* **What you should do**
Go over the data and keep only the lines that include "Dwgs".

* **The records**
== == ==

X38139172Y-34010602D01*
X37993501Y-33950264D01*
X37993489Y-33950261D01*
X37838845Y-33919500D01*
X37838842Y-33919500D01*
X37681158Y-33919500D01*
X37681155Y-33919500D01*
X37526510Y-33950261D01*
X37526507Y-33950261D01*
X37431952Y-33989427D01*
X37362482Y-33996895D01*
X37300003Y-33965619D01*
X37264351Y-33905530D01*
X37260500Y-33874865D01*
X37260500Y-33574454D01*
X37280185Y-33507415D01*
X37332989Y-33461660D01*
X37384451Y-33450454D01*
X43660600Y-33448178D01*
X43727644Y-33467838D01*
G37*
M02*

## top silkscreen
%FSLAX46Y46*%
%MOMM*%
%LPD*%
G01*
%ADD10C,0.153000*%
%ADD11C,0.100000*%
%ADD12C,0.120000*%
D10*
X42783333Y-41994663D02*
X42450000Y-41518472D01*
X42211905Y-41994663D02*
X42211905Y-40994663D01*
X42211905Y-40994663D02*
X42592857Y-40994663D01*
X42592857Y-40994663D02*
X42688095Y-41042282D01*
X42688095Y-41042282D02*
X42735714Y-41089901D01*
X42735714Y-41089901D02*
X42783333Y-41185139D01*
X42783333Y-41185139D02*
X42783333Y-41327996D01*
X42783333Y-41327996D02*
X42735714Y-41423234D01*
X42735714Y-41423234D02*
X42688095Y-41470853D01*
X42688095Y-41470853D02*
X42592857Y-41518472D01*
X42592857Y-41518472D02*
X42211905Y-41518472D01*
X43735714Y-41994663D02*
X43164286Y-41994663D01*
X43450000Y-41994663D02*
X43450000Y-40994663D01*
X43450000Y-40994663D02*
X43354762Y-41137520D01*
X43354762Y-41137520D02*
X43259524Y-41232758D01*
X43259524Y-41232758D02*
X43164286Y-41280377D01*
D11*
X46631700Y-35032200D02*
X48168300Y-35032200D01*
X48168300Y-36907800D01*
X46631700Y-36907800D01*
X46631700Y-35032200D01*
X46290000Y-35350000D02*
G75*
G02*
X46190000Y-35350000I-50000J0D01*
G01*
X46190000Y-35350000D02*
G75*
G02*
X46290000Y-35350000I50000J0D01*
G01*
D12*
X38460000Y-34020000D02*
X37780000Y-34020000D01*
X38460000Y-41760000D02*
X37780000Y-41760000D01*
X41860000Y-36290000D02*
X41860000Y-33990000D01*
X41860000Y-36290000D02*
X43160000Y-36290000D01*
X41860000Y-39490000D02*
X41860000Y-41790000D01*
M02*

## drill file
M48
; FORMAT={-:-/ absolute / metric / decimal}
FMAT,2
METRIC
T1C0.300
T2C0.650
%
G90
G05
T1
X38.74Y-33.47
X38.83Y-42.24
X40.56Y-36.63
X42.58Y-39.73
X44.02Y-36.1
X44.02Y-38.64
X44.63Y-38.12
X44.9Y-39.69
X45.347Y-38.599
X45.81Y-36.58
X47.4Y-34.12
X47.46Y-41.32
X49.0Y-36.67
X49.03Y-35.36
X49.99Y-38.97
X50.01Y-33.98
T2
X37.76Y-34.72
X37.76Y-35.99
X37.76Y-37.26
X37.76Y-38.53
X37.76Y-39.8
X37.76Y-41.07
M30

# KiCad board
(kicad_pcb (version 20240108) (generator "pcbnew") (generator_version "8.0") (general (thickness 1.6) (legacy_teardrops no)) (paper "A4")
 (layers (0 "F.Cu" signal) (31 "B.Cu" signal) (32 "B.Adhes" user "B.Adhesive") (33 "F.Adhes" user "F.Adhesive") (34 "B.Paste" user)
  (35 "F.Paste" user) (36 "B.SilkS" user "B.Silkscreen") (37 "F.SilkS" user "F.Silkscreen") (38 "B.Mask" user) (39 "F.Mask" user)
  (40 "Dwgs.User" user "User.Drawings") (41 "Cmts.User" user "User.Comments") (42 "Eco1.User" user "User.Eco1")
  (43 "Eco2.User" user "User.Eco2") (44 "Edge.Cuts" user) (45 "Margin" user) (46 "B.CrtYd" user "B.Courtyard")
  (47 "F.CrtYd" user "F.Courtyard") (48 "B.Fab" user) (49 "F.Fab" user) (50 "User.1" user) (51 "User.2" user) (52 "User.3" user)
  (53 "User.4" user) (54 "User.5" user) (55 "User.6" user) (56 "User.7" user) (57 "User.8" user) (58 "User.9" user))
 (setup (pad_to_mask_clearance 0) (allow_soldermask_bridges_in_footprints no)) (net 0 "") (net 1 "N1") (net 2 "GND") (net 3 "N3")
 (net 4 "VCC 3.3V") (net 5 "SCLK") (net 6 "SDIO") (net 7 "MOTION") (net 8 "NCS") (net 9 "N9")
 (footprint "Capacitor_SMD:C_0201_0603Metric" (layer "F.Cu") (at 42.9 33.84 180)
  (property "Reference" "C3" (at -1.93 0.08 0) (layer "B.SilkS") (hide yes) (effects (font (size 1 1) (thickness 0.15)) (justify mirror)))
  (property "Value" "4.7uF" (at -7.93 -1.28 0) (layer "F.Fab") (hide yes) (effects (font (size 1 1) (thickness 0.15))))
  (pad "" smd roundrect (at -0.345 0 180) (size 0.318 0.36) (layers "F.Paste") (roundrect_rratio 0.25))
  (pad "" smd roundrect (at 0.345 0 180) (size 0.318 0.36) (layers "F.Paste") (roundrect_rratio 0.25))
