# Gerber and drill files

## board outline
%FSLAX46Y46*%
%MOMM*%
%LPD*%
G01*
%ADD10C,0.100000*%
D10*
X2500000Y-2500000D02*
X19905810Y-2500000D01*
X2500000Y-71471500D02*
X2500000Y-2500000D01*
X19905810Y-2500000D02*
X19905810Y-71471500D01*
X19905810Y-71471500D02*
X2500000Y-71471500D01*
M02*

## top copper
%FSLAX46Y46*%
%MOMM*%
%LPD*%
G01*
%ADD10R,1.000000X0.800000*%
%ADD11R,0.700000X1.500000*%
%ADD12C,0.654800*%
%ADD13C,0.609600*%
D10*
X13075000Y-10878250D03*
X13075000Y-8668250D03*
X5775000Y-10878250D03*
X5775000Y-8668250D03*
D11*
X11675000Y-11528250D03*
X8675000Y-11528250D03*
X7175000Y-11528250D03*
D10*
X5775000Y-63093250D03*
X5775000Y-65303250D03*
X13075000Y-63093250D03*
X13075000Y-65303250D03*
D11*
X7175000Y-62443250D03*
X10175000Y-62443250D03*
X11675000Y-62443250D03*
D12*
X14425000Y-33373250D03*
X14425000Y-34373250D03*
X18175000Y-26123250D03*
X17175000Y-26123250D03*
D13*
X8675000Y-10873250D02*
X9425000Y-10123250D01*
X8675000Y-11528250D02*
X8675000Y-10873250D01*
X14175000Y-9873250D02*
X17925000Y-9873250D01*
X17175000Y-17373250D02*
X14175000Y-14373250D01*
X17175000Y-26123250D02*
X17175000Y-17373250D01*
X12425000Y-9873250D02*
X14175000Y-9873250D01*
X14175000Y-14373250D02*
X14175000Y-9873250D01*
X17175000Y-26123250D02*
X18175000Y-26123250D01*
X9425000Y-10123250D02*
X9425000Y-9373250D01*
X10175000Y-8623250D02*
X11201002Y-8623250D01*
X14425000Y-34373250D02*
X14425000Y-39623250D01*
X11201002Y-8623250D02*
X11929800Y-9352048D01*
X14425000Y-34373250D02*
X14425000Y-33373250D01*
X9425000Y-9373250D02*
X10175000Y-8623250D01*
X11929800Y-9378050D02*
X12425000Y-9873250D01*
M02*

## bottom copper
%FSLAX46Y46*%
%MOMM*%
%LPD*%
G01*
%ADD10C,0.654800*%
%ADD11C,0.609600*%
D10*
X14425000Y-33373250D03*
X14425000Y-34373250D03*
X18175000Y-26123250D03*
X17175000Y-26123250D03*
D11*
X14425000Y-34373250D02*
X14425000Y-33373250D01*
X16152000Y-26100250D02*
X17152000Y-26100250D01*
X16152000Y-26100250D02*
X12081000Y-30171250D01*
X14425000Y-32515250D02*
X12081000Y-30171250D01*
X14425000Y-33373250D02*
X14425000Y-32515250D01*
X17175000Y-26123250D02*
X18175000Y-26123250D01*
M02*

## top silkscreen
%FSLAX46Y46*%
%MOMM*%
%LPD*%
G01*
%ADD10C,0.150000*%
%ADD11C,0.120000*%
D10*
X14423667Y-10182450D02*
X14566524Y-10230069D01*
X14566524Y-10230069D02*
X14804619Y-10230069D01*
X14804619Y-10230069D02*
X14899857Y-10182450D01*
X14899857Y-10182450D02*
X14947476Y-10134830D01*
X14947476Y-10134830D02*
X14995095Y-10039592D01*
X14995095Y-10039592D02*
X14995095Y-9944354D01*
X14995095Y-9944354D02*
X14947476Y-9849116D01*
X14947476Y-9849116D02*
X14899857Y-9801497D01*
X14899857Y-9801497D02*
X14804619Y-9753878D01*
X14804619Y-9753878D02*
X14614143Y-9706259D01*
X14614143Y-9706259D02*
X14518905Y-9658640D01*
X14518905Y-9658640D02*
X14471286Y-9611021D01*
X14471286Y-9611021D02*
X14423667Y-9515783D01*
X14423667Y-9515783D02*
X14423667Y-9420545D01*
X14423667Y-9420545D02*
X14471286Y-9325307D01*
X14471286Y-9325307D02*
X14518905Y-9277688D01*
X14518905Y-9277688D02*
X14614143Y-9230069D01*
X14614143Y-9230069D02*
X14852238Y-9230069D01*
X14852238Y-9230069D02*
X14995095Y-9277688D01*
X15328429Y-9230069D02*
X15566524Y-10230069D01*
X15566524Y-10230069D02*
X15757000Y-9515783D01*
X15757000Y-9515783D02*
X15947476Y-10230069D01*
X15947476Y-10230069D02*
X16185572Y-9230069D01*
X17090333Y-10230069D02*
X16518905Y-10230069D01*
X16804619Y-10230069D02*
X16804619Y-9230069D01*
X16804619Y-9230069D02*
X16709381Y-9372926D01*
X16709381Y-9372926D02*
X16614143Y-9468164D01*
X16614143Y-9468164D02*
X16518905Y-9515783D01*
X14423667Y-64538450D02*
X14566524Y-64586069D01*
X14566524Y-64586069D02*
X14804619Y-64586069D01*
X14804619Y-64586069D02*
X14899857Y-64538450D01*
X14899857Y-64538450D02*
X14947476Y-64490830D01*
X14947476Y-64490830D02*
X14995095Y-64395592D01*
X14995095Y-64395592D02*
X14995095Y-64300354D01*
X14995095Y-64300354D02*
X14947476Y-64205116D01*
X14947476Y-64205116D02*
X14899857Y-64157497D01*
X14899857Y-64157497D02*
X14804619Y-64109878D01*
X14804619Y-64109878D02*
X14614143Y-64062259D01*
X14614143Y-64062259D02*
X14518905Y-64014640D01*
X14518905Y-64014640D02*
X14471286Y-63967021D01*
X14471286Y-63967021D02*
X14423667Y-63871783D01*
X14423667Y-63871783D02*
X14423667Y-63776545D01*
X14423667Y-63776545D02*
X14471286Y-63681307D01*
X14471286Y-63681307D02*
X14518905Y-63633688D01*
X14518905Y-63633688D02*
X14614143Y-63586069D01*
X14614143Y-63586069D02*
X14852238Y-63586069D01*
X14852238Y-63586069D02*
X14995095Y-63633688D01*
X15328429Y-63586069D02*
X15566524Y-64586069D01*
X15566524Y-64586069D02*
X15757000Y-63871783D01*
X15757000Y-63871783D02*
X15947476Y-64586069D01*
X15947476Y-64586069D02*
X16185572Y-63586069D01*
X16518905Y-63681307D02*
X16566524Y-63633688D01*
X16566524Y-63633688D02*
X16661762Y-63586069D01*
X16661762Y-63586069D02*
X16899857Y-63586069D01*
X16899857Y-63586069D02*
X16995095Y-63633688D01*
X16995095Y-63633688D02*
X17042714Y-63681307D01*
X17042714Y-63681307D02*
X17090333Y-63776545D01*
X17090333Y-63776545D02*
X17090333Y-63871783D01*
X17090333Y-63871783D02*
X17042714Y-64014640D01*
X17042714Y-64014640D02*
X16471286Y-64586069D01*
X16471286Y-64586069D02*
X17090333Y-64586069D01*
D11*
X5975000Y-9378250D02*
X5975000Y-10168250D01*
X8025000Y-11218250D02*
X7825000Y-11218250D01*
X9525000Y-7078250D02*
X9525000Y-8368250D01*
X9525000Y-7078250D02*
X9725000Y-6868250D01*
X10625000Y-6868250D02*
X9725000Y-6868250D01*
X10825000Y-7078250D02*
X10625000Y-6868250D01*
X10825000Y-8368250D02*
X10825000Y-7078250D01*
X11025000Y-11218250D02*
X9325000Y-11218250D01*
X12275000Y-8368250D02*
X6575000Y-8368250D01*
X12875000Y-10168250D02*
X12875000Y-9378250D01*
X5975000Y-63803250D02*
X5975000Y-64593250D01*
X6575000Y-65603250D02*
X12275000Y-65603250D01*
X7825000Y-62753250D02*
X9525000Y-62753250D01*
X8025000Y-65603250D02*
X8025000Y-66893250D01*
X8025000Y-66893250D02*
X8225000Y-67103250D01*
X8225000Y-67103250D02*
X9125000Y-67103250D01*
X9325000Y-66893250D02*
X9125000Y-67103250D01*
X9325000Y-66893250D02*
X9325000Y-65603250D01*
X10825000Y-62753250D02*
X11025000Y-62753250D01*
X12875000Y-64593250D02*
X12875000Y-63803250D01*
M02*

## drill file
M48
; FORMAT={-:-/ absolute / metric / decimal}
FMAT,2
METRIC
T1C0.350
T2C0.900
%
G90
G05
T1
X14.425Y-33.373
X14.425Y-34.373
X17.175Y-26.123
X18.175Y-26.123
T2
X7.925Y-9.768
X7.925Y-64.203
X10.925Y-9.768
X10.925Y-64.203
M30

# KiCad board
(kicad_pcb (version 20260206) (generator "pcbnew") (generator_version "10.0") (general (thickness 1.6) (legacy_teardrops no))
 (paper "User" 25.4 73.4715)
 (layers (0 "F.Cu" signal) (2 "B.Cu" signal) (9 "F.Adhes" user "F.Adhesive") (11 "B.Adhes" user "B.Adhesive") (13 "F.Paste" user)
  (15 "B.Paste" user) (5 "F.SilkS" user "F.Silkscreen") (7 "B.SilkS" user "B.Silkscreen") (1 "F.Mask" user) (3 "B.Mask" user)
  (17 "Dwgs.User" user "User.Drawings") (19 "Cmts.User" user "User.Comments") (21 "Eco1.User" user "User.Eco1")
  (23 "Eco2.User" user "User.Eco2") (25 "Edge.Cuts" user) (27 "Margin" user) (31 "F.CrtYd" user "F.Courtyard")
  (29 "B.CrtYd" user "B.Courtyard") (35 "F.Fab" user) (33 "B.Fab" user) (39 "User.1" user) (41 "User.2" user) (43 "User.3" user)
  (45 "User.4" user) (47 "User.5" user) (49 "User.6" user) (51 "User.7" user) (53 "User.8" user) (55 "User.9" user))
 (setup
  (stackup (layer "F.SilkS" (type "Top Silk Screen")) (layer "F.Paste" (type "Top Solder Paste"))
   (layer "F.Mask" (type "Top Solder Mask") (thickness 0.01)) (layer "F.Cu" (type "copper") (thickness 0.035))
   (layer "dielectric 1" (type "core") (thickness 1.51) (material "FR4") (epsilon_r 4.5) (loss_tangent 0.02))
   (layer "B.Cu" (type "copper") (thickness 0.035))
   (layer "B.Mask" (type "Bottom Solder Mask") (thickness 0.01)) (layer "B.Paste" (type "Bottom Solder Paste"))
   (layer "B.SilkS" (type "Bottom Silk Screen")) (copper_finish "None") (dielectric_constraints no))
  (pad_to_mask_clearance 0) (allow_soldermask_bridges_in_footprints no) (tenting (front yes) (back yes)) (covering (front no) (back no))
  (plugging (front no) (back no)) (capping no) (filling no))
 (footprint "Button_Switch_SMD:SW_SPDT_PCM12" (layer "F.Cu") (at 9.425 10.09825 180)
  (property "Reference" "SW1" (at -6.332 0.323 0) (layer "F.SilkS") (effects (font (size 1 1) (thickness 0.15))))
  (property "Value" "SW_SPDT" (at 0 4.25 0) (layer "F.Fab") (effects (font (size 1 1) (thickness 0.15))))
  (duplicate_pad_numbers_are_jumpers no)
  (fp_line (start 3.45 0.72) (end 3.45 -0.07) (stroke (width 0.12) (type solid)) (layer "F.SilkS"))
  (fp_line (start 1.4 -1.12) (end 1.6 -1.12) (stroke (width 0.12) (type solid)) (layer "F.SilkS"))
  (fp_line (start -0.1 3.02) (end -0.1 1.73) (stroke (width 0.12) (type solid)) (layer "F.SilkS"))
  (fp_line (start -0.1 3.02) (end -0.3 3.23) (stroke (width 0.12) (type solid)) (layer "F.SilkS"))
  (fp_line (start -1.2 3.23) (end -0.3 3.23) (stroke (width 0.12) (type solid)) (layer "F.SilkS"))
  (fp_line (start -1.4 3.02) (end -1.2 3.23) (stroke (width 0.12) (type solid)) (layer "F.SilkS"))
  (fp_line (start -1.4 1.73) (end -1.4 3.02) (stroke (width 0.12) (type solid)) (layer "F.SilkS"))
  (fp_line (start -1.6 -1.12) (end 0.1 -1.12) (stroke (width 0.12) (type solid)) (layer "F.SilkS"))
  (fp_line (start -2.85 1.73) (end 2.85 1.73) (stroke (width 0.12) (type solid)) (layer "F.SilkS"))
  (fp_line (start -3.45 -0.07) (end -3.45 0.72) (stroke (width 0.12) (type solid)) (layer "F.SilkS"))
  (pad "" smd rect (at -3.65 -0.78 180) (size 1 0.8) (layers "F.Cu" "F.Mask" "F.Paste"))
  (pad "" smd rect (at -3.65 1.43 180) (size 1 0.8) (layers "F.Cu" "F.Mask" "F.Paste"))
  (pad "" np_thru_hole circle (at -1.5 0.33 180) (size 0.9 0.9) (drill 0.9) (layers "*.Cu" "*.Mask"))
  (pad "" np_thru_hole circle (at 1.5 0.33 180) (size 0.9 0.9) (drill 0.9) (layers "*.Cu" "*.Mask"))
  (pad "" smd rect (at 3.65 -0.78 180) (size 1 0.8) (layers "F.Cu" "F.Mask" "F.Paste"))
  (pad "" smd rect (at 3.65 1.43 180) (size 1 0.8) (layers "F.Cu" "F.Mask" "F.Paste"))
  (pad "1" smd rect (at -2.25 -1.43 180) (size 0.7 1.5) (layers "F.Cu" "F.Mask" "F.Paste") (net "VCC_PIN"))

== == ==

* **Response box**
  (40 "Dwgs.User" user "User.Drawings") (41 "Cmts.User" user "User.Comments") (42 "Eco1.User" user "User.Eco1")
  (17 "Dwgs.User" user "User.Drawings") (19 "Cmts.User" user "User.Comments") (21 "Eco1.User" user "User.Eco1")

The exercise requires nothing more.